The flaws that the article identifies aren't crazy, but there is a lot that's weird about the piece -- perhaps most notably that he would pick out a designer famously mocked for illogical puzzles (in an article to which he links!) as one of the "few [wo] can make a good adventure game." Also, the walkthroughs for
TeenAgent suggests that his design was not unlike what he's criticizing, down to one puzzle in which you glue together two pieces of wood for use in water, which is almost exactly the specific (lame sounding) puzzle he criticizes in Mobius. (Interestingly, the same seems to be true of level design. For example, he
criticizes the narrow-path-to-striking-vista trope in FPS games, but then the gameplay trailer for his game starts with
exactly that!)
(I also wonder whether he was being mean-spirited in picking out a screenshot in which Dave misspelled "memento" as an example of the writing in Blackwell.)

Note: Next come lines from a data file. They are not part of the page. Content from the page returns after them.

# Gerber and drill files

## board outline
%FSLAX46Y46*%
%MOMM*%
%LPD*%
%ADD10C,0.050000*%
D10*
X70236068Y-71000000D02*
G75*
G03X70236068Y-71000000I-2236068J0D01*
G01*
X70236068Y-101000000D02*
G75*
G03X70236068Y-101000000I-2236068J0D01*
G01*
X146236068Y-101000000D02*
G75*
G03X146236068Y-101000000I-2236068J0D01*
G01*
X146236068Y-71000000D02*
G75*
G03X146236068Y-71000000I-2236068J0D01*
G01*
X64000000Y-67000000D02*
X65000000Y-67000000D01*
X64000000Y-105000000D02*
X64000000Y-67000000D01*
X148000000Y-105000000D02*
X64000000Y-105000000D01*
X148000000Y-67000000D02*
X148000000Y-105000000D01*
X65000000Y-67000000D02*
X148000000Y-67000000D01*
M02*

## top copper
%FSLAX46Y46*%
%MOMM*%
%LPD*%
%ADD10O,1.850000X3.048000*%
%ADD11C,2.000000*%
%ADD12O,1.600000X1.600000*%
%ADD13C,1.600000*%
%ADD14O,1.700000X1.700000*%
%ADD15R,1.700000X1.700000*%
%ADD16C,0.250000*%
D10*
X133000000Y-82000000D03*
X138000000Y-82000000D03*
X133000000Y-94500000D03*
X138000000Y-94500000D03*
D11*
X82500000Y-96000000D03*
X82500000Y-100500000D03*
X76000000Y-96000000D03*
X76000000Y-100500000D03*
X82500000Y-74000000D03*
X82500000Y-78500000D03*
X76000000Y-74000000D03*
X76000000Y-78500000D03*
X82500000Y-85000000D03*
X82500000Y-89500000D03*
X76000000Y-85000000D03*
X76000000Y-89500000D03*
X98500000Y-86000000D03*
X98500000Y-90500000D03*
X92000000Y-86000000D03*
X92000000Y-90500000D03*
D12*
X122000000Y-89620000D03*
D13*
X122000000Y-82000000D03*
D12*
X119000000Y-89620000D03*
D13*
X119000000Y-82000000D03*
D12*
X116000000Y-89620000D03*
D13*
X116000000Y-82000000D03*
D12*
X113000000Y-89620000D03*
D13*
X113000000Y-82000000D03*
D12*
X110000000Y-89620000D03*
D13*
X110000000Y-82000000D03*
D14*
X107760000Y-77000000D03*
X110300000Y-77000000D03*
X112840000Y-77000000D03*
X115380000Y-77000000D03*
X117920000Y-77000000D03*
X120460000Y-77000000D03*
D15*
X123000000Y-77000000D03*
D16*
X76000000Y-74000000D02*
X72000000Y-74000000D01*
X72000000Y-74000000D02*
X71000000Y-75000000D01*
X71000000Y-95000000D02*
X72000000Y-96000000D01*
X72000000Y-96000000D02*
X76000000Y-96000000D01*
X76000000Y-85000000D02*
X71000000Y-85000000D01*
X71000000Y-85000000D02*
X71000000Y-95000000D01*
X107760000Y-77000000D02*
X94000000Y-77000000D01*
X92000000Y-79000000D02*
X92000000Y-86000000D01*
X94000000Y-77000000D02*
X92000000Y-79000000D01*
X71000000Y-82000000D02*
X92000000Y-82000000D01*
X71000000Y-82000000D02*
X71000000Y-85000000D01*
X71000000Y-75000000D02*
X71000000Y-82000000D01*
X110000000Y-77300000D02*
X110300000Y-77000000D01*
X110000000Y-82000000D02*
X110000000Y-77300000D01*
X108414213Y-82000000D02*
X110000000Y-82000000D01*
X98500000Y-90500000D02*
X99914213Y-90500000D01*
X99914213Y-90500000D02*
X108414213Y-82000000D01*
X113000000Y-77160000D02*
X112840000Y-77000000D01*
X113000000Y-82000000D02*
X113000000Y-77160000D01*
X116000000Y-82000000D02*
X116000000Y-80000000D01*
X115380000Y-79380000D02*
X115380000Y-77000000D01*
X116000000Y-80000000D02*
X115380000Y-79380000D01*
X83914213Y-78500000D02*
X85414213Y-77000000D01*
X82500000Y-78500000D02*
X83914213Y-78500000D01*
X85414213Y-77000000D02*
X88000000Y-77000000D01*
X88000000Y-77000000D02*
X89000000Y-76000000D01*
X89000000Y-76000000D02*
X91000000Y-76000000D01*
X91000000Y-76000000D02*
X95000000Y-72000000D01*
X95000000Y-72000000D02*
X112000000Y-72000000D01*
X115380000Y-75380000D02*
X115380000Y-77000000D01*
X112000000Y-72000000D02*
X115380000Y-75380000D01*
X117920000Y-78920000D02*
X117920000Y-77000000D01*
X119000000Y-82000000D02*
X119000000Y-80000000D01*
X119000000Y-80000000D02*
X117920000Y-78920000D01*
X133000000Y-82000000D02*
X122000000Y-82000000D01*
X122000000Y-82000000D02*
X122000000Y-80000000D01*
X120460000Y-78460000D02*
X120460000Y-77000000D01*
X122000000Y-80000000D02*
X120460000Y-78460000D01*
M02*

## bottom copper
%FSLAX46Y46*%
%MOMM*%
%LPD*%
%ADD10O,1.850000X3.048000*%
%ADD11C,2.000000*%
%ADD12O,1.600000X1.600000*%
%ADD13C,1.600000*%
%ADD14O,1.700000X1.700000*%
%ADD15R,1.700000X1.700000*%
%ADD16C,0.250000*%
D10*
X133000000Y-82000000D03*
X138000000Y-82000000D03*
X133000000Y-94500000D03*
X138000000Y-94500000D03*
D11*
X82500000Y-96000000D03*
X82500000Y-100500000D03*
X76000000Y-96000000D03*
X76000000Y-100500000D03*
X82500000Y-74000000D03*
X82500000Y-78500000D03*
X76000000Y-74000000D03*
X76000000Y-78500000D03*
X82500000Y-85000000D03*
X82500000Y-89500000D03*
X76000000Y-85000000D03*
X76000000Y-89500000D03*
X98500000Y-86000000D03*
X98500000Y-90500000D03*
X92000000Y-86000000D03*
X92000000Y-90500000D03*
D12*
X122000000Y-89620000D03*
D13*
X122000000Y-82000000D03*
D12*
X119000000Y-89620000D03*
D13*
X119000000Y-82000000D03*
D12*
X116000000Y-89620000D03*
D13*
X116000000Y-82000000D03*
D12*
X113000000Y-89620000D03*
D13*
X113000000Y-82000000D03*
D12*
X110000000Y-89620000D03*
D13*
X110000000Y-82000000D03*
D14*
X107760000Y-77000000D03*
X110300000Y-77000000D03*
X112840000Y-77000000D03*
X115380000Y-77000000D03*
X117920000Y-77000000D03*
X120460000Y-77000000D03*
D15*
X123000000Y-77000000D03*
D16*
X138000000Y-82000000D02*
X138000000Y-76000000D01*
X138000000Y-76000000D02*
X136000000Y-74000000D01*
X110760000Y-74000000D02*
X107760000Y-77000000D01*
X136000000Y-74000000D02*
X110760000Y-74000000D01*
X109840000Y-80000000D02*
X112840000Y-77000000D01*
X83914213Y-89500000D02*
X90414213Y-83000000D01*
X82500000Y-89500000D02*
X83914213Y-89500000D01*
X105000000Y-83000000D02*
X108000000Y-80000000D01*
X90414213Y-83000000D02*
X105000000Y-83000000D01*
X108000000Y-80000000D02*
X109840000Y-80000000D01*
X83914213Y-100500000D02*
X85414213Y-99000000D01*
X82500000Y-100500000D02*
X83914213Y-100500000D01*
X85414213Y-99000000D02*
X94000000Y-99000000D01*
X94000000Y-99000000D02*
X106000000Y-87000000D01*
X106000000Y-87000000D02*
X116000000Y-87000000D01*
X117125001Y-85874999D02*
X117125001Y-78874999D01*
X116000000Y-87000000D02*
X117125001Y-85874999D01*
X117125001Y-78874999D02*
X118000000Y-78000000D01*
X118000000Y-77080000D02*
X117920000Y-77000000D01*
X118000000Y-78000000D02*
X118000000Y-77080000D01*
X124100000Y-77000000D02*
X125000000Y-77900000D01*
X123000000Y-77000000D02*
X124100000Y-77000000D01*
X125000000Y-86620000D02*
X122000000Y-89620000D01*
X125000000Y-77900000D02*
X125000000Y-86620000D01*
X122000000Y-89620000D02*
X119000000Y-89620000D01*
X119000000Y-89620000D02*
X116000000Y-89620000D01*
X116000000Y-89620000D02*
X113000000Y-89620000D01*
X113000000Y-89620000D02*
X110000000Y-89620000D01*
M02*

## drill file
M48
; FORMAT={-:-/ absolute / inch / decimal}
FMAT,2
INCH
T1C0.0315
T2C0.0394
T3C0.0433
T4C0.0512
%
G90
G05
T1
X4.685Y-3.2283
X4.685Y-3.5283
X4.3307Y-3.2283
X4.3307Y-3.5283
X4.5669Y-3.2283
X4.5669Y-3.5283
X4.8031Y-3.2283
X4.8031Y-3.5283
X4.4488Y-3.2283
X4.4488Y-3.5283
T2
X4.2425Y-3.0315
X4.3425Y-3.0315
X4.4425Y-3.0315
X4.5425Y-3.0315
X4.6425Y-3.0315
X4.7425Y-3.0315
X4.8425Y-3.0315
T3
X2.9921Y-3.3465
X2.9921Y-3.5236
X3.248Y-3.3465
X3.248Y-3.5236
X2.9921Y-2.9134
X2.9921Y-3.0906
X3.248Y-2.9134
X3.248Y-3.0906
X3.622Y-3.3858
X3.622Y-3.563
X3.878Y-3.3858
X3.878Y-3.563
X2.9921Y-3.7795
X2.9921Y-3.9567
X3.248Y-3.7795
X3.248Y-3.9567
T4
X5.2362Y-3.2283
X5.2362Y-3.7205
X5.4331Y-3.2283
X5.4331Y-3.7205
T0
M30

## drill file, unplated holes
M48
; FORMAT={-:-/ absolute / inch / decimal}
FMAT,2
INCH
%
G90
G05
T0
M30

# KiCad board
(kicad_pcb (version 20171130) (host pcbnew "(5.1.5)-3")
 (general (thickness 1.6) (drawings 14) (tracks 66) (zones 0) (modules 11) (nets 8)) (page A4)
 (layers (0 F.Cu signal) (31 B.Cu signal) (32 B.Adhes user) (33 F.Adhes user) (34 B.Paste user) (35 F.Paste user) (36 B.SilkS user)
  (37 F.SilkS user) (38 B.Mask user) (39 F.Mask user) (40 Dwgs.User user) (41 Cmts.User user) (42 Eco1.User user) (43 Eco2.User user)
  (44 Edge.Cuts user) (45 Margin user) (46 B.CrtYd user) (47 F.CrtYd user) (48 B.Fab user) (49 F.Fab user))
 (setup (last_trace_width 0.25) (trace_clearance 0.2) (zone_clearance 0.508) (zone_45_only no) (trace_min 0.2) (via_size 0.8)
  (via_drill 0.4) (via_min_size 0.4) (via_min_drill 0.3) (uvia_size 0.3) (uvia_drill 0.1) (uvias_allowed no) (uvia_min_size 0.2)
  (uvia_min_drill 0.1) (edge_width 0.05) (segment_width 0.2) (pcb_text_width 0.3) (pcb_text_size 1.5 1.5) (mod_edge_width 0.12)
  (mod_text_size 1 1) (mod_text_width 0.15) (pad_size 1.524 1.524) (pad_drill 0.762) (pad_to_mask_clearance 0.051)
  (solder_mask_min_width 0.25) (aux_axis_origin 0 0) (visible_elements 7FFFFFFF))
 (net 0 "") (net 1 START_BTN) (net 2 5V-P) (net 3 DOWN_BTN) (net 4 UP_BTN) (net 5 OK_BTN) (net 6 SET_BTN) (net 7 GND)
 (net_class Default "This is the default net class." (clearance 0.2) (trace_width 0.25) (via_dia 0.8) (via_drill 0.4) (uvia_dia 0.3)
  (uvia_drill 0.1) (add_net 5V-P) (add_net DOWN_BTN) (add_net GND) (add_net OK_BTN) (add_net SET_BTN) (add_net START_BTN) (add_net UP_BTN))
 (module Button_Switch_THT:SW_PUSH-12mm (layer F.Cu) (at 138 82 270)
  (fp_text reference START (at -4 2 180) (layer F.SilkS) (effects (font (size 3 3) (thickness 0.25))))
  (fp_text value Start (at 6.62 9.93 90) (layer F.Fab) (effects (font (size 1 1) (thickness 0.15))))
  (pad 2 thru_hole oval (at 0 5 270) (size 3.048 1.85) (drill 1.3) (layers *.Cu *.Mask) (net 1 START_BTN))
  (pad 1 thru_hole oval (at 0 0 270) (size 3.048 1.85) (drill 1.3) (layers *.Cu *.Mask) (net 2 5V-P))
  (pad 2 thru_hole oval (at 12.5 5 270) (size 3.048 1.85) (drill 1.3) (layers *.Cu *.Mask) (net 1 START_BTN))
  (pad 1 thru_hole oval (at 12.5 0 270) (size 3.048 1.85) (drill 1.3) (layers *.Cu *.Mask) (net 2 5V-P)))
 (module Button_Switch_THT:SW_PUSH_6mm (layer F.Cu) (at 76 96)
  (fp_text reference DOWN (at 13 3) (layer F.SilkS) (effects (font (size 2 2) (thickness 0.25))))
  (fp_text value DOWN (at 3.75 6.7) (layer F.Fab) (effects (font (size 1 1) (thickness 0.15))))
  (pad 1 thru_hole circle (at 6.5 0 90) (size 2 2) (drill 1.1) (layers *.Cu *.Mask) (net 2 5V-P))
  (pad 2 thru_hole circle (at 6.5 4.5 90) (size 2 2) (drill 1.1) (layers *.Cu *.Mask) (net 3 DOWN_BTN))
  (pad 1 thru_hole circle (at 0 0 90) (size 2 2) (drill 1.1) (layers *.Cu *.Mask) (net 2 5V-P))
  (pad 2 thru_hole circle (at 0 4.5 90) (size 2 2) (drill 1.1) (layers *.Cu *.Mask) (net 3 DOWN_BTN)))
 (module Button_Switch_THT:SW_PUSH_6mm (layer F.Cu) (at 76 74)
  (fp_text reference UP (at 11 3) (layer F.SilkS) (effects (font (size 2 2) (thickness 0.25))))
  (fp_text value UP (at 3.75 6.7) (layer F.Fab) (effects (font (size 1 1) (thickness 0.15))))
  (pad 1 thru_hole circle (at 6.5 0 90) (size 2 2) (drill 1.1) (layers *.Cu *.Mask) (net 2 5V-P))
  (pad 2 thru_hole circle (at 6.5 4.5 90) (size 2 2) (drill 1.1) (layers *.Cu *.Mask) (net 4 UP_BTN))
  (pad 1 thru_hole circle (at 0 0 90) (size 2 2) (drill 1.1) (layers *.Cu *.Mask) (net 2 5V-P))
  (pad 2 thru_hole circle (at 0 4.5 90) (size 2 2) (drill 1.1) (layers *.Cu *.Mask) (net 4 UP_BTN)))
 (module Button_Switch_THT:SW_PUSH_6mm (layer F.Cu) (at 76 85)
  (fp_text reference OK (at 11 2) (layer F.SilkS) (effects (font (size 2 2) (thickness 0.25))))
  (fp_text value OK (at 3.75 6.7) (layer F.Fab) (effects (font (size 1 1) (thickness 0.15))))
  (pad 1 thru_hole circle (at 6.5 0 90) (size 2 2) (drill 1.1) (layers *.Cu *.Mask) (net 2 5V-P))
  (pad 2 thru_hole circle (at 6.5 4.5 90) (size 2 2) (drill 1.1) (layers *.Cu *.Mask) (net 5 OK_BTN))
  (pad 1 thru_hole circle (at 0 0 90) (size 2 2) (drill 1.1) (layers *.Cu *.Mask) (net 2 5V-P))
  (pad 2 thru_hole circle (at 0 4.5 90) (size 2 2) (drill 1.1) (layers *.Cu *.Mask) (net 5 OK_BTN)))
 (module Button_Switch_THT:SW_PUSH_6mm (layer F.Cu) (at 92 86)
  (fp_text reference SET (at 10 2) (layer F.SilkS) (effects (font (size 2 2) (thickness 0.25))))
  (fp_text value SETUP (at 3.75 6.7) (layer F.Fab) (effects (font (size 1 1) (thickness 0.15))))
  (pad 1 thru_hole circle (at 6.5 0 90) (size 2 2) (drill 1.1) (layers *.Cu *.Mask) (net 2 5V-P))
  (pad 2 thru_hole circle (at 6.5 4.5 90) (size 2 2) (drill 1.1) (layers *.Cu *.Mask) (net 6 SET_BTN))
  (pad 1 thru_hole circle (at 0 0 90) (size 2 2) (drill 1.1) (layers *.Cu *.Mask) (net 2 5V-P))
  (pad 2 thru_hole circle (at 0 4.5 90) (size 2 2) (drill 1.1) (layers *.Cu *.Mask) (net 6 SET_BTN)))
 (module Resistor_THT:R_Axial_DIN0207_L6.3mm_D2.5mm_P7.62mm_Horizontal (layer F.Cu) (at 122 82 270)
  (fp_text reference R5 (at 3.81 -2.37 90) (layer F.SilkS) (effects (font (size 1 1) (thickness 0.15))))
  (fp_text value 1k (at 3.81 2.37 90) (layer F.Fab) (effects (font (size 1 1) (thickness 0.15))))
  (pad 2 thru_hole oval (at 7.62 0 270) (size 1.6 1.6) (drill 0.8) (layers *.Cu *.Mask) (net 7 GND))
  (pad 1 thru_hole circle (at 0 0 270) (size 1.6 1.6) (drill 0.8) (layers *.Cu *.Mask) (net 1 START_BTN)))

What I disagree with is his contention that the core mechanics of adventure games are not fun. His seven deadly sins are largely absent from the best adventure games (Monkey Island 2, Loom, QFG, a few others), or present only occasionally. Several examples of what he describes as inherently lame core features either aren't core features or aren't inherently lame:
* "Inventory management" is bizarre. I can't think of any adventure game inventory I managed; some of the very old games had maybe a couple dozen items to track, but they were all easy to see at a glance and -- setting aside text adventures -- I don't think you ever had to manage encumbrance or anything like that).
* "Dialogue repetition" seems off too. I don't remember repeating dialogue, though of course "dialogue
exhaustion" was (and is) a problem in any game with consequence-free dialogue trees.
* "Pixel hunting" has always been oversold. (Maybe I'm just touchy on this because of Primordia.) With a few exceptions, you weren't hunting "pixels," you were hunting
objects. And while hunting objects isn't my favorite thing in the world, it's not self-evidently "anything but fun." An entire genre of games is based
solely around that mechanic, as is a genre of books (Where's Waldo being the most famous).
(I tend to agree that "back tracking" and "option exhausting" are problems in adventure games.)
Really, the core pleasure of adventure games was the flash of understanding when you discovered how to solve a puzzle. Certainly this is best when the flash of understanding precedes the solution ("Oh,
I know how to get past this!"), but it actually works even when you arrive at the puzzle through brute force ("Oh, so
that's what I was missing!"). As long as the player didn't respond with, "I would never have gotten that, it's stupid," the puzzles worked. And for the most part, I would say that adventure game puzzles
did work, particularly in Lucas games but also in Sierra ones.
For what it's worth, I think a major cause of the genre's death was simply exploding costs. Adventure games are perhaps the least amenable to reused content. Unlike in an RPG (or an FPS or a platformer), where graphics, enemies, mechanics, etc. could be used over and over again, typically each element of an adventure game was once-off and handcrafted. The article is right that adventure games had developed a reputation for cutting edge graphics and sound, and when that standard keeps going and up and up, the cost of handcrafted content goes up too. At some point, in a genre that doesn't sell to as large a demographic, costs can get too high for the product to be sustainable. The AGS renaissance is based on a bunch of factors that push costs down: a fondness for low-res retro graphics; low-budget voice acting; and mostly volunteer developers working purely for back-end profits. Primordia "cost" almost nothing to make -- the only out of pocket expenses were a couple thousand bucks Dave spent on voice actors and marketing. Same for Heroine's Quest and, I suspect, for QFI. I know it's mostly true of Resonance. While Dave pays the artists who make his game rather than giving them back-end, they aren't paid market rates -- maybe now they are, but certainly they weren't prior to Epiphany.
So classic adventure games died because they cost too much for their niche market to bear; retro adventure games thrive because they cost much less to make; and modern adventure games thrive because they market to a different, much larger audience. (Typically by incorporating either action elements or an established IP, sometimes both.) I certainly don't begrudge those games their success, but it seems a little bit silly to assume that every game needs to be made in that model. In fact, bad developers trying to make the next Gone Home are unlikely to do much better than bad developers trying to make the next Monkey Island.
That said, I think The Haunting of Ethan Carter looks neat, and I'll probably pick it up. And I am a sucker for designers who post about their design thoughts, because I shamelessly copy their ideas!